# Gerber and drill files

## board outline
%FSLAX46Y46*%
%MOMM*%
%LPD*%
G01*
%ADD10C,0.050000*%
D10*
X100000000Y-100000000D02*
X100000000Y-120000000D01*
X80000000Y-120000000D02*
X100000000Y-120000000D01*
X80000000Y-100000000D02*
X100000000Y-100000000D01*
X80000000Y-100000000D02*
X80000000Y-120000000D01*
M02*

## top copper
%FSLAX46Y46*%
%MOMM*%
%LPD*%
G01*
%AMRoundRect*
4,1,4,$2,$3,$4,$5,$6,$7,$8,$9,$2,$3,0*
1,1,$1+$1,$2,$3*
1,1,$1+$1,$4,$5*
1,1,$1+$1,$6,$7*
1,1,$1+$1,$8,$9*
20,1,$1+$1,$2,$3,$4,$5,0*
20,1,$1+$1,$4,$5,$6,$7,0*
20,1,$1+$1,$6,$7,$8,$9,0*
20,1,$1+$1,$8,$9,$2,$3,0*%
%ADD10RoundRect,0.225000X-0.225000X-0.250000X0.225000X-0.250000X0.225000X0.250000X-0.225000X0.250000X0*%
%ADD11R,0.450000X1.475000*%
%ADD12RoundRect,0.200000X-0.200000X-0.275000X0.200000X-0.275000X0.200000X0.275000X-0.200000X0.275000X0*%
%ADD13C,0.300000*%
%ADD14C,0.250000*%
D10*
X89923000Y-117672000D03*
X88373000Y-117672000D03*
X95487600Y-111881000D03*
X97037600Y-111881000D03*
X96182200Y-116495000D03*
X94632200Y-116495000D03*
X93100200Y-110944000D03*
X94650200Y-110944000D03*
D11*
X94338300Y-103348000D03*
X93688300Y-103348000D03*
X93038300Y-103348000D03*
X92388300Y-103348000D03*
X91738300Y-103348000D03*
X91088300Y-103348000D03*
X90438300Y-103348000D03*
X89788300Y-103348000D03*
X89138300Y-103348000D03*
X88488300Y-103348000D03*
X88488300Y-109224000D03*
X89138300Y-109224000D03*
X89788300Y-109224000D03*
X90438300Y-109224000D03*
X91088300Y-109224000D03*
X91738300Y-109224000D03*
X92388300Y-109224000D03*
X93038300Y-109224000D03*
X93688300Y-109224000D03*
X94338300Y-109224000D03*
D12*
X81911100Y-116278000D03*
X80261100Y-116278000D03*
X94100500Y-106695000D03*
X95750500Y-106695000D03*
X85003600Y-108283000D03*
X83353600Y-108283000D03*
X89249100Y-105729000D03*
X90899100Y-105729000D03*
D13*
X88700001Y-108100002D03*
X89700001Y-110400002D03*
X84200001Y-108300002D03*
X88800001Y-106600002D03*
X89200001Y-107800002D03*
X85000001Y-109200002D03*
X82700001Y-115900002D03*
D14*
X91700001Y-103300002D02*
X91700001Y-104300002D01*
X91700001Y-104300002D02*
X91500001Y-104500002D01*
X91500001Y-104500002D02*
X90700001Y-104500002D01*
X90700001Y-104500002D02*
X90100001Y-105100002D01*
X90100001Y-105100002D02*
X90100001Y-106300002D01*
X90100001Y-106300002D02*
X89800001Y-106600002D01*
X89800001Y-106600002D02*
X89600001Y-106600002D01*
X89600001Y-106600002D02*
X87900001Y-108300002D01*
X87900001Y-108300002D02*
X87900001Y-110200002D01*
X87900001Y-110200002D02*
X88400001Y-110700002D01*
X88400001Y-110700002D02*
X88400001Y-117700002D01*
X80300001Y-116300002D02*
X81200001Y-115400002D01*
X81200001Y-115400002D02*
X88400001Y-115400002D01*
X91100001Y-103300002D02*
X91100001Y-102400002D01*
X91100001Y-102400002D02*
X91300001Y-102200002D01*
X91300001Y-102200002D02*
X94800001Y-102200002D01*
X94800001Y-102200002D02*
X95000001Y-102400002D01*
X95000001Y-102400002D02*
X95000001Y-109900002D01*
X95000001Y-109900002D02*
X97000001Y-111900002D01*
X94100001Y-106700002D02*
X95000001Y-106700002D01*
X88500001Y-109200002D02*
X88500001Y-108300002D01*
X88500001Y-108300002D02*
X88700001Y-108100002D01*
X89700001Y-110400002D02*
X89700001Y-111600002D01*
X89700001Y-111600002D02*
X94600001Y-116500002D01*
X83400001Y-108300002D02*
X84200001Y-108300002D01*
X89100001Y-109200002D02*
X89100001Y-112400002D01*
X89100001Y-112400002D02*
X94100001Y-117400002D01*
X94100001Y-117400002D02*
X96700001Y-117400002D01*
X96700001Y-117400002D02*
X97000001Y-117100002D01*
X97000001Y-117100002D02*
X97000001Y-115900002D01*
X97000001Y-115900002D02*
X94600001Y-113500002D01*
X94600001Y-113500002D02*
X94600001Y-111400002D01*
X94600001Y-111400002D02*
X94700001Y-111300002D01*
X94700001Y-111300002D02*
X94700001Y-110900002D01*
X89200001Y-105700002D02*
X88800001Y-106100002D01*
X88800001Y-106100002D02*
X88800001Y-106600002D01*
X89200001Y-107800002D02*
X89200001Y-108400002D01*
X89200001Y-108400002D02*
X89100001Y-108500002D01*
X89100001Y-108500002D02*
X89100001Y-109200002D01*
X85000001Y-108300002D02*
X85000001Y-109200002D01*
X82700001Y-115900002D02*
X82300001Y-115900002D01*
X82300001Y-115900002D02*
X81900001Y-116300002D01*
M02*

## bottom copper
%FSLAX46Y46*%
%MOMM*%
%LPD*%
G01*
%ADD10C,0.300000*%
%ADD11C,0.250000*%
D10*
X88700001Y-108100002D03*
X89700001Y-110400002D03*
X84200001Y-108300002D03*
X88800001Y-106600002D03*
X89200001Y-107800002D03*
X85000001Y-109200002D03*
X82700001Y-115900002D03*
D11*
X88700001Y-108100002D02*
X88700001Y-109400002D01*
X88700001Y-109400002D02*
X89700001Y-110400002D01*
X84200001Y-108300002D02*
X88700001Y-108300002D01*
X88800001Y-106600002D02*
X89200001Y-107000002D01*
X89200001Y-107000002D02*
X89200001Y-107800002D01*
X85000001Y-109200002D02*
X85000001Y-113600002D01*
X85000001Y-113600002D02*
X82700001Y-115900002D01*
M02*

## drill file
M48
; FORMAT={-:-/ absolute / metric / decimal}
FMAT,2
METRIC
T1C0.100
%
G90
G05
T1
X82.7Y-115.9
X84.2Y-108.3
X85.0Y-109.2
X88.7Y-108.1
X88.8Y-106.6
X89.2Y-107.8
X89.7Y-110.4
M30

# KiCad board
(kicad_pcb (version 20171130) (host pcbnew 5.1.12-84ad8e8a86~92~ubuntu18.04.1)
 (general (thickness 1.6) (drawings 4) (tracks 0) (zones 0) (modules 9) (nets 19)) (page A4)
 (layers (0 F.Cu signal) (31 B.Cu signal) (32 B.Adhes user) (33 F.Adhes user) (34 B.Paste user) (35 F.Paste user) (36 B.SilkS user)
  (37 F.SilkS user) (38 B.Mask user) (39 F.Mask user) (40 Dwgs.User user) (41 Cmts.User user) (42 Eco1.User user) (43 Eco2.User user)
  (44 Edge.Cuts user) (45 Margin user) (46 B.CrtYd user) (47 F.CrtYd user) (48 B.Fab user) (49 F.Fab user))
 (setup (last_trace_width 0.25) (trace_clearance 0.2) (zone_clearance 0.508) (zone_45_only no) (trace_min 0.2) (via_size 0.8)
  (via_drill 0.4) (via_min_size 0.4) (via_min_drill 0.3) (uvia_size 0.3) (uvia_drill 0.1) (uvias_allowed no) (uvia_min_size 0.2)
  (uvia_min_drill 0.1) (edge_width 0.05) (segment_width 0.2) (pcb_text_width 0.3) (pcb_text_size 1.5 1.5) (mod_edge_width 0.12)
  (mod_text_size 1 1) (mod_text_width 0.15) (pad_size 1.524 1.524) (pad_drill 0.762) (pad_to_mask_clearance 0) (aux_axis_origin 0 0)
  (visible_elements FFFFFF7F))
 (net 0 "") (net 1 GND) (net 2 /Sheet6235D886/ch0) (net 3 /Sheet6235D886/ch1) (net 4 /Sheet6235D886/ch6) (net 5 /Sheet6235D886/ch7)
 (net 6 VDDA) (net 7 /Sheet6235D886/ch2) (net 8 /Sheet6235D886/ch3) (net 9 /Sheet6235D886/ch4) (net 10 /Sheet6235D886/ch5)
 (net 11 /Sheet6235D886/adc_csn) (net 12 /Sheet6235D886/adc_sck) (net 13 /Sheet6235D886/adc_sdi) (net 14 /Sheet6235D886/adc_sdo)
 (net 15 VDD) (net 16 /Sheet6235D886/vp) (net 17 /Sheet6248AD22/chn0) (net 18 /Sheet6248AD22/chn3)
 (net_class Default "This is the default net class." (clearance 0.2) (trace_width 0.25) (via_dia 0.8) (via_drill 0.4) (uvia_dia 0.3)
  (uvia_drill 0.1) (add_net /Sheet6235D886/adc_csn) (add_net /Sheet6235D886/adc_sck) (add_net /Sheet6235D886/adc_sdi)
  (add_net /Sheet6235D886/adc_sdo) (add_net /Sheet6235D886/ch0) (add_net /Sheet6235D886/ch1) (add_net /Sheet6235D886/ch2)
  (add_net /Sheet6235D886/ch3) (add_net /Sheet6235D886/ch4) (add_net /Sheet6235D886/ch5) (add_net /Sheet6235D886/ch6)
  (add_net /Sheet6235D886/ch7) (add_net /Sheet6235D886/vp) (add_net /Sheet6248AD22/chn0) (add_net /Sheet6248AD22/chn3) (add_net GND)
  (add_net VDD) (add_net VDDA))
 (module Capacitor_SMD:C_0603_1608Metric (layer F.Cu) (at 89.148000 117.672000)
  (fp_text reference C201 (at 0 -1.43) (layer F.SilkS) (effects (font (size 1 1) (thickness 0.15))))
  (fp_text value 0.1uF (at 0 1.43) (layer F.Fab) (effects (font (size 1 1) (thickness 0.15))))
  (pad 2 smd roundrect (at 0.775 0) (size 0.9 0.95) (layers F.Cu F.Mask F.Paste) (roundrect_rratio 0.25) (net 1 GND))
  (pad 1 smd roundrect (at -0.775 0) (size 0.9 0.95) (layers F.Cu F.Mask F.Paste) (roundrect_rratio 0.25) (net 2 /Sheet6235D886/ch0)))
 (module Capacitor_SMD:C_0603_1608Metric (layer F.Cu) (at 96.262600 111.881000)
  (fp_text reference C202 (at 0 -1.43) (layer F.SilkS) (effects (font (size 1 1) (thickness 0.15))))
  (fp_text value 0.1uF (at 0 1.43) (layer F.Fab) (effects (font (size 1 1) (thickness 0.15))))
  (pad 1 smd roundrect (at -0.775 0) (size 0.9 0.95) (layers F.Cu F.Mask F.Paste) (roundrect_rratio 0.25) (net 1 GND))
  (pad 2 smd roundrect (at 0.775 0) (size 0.9 0.95) (layers F.Cu F.Mask F.Paste) (roundrect_rratio 0.25) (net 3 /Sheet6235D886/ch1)))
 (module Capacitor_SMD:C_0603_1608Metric (layer F.Cu) (at 95.407200 116.495000)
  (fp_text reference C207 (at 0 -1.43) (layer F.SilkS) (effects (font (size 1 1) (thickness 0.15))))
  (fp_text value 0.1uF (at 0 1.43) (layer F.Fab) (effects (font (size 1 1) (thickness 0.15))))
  (pad 2 smd roundrect (at 0.775 0) (size 0.9 0.95) (layers F.Cu F.Mask F.Paste) (roundrect_rratio 0.25) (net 1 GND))
  (pad 1 smd roundrect (at -0.775 0) (size 0.9 0.95) (layers F.Cu F.Mask F.Paste) (roundrect_rratio 0.25) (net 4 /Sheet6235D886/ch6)))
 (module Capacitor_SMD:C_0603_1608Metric (layer F.Cu) (at 93.875200 110.944000)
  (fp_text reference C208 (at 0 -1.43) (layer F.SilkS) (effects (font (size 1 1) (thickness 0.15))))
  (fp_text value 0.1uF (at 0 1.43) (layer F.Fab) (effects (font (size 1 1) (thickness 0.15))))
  (pad 1 smd roundrect (at -0.775 0) (size 0.9 0.95) (layers F.Cu F.Mask F.Paste) (roundrect_rratio 0.25) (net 1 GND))
  (pad 2 smd roundrect (at 0.775 0) (size 0.9 0.95) (layers F.Cu F.Mask F.Paste) (roundrect_rratio 0.25) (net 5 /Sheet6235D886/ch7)))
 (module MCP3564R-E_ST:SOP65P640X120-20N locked (layer F.Cu) (at 91.413300 106.286000 270.000000)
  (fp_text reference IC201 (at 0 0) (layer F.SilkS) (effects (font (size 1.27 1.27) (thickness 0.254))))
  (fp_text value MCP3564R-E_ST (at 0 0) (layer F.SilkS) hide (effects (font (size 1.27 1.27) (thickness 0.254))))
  (pad 1 smd rect (at -2.938 -2.925) (size 0.45 1.475) (layers F.Cu F.Mask F.Paste) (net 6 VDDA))
  (pad 2 smd rect (at -2.938 -2.275) (size 0.45 1.475) (layers F.Cu F.Mask F.Paste) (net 1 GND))
  (pad 3 smd rect (at -2.938 -1.625) (size 0.45 1.475) (layers F.Cu F.Mask F.Paste) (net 1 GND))
  (pad 4 smd rect (at -2.938 -0.975) (size 0.45 1.475) (layers F.Cu F.Mask F.Paste))
  (pad 5 smd rect (at -2.938 -0.325) (size 0.45 1.475) (layers F.Cu F.Mask F.Paste) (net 2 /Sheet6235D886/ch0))
  (pad 6 smd rect (at -2.938 0.325) (size 0.45 1.475) (layers F.Cu F.Mask F.Paste) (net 3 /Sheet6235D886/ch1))
  (pad 7 smd rect (at -2.938 0.975) (size 0.45 1.475) (layers F.Cu F.Mask F.Paste) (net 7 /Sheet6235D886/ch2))
  (pad 8 smd rect (at -2.938 1.625) (size 0.45 1.475) (layers F.Cu F.Mask F.Paste) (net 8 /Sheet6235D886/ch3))
  (pad 9 smd rect (at -2.938 2.275) (size 0.45 1.475) (layers F.Cu F.Mask F.Paste) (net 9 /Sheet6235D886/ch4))
  (pad 10 smd rect (at -2.938 2.925) (size 0.45 1.475) (layers F.Cu F.Mask F.Paste) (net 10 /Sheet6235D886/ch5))
  (pad 11 smd rect (at 2.938 2.925) (size 0.45 1.475) (layers F.Cu F.Mask F.Paste) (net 4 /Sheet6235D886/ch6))
  (pad 12 smd rect (at 2.938 2.275) (size 0.45 1.475) (layers F.Cu F.Mask F.Paste) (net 5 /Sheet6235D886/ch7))
  (pad 13 smd rect (at 2.938 1.625) (size 0.45 1.475) (layers F.Cu F.Mask F.Paste) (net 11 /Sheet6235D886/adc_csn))
  (pad 14 smd rect (at 2.938 0.975) (size 0.45 1.475) (layers F.Cu F.Mask F.Paste) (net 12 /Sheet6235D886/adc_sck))
  (pad 15 smd rect (at 2.938 0.325) (size 0.45 1.475) (layers F.Cu F.Mask F.Paste) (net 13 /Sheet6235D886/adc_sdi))
  (pad 16 smd rect (at 2.938 -0.325) (size 0.45 1.475) (layers F.Cu F.Mask F.Paste) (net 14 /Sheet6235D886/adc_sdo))
  (pad 17 smd rect (at 2.938 -0.975) (size 0.45 1.475) (layers F.Cu F.Mask F.Paste))
  (pad 18 smd rect (at 2.938 -1.625) (size 0.45 1.475) (layers F.Cu F.Mask F.Paste))
  (pad 19 smd rect (at 2.938 -2.275) (size 0.45 1.475) (layers F.Cu F.Mask F.Paste) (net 1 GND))
  (pad 20 smd rect (at 2.938 -2.925) (size 0.45 1.475) (layers F.Cu F.Mask F.Paste) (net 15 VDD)))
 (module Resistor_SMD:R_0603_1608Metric (layer F.Cu) (at 81.086100 116.278000)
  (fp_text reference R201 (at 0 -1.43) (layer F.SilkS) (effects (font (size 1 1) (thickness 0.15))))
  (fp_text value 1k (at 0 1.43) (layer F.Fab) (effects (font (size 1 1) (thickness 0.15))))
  (pad 2 smd roundrect (at 0.825 0) (size 0.8 0.95) (layers F.Cu F.Mask F.Paste) (roundrect_rratio 0.25) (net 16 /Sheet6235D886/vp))
  (pad 1 smd roundrect (at -0.825 0) (size 0.8 0.95) (layers F.Cu F.Mask F.Paste) (roundrect_rratio 0.25) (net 2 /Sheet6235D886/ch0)))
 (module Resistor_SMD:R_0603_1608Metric (layer F.Cu) (at 94.925500 106.695000)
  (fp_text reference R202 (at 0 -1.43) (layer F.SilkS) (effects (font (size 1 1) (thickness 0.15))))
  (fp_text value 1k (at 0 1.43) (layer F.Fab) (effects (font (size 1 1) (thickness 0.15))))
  (pad 1 smd roundrect (at -0.825 0) (size 0.8 0.95) (layers F.Cu F.Mask F.Paste) (roundrect_rratio 0.25) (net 3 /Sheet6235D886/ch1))
  (pad 2 smd roundrect (at 0.825 0) (size 0.8 0.95) (layers F.Cu F.Mask F.Paste) (roundrect_rratio 0.25) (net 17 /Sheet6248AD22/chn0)))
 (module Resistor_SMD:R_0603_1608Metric (layer F.Cu) (at 84.178600 108.283000)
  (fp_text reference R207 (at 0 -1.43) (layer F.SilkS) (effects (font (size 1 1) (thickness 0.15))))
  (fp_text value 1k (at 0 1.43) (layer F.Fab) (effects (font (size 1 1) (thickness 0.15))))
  (pad 2 smd roundrect (at 0.825 0) (size 0.8 0.95) (layers F.Cu F.Mask F.Paste) (roundrect_rratio 0.25) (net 16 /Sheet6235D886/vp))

* _EXERCISE DIRECTIONS_: Using the entries shown above, reproduce verbatim the lines from the line bearing "X95487600Y-111881000D03*" to the line bearing "X92388300Y-103348000D03*", inclusive.

* _ANSWER TO THIS EXERCISE_:
X95487600Y-111881000D03*
X97037600Y-111881000D03*
X96182200Y-116495000D03*
X94632200Y-116495000D03*
X93100200Y-110944000D03*
X94650200Y-110944000D03*
D11*
X94338300Y-103348000D03*
X93688300Y-103348000D03*
X93038300Y-103348000D03*
X92388300Y-103348000D03*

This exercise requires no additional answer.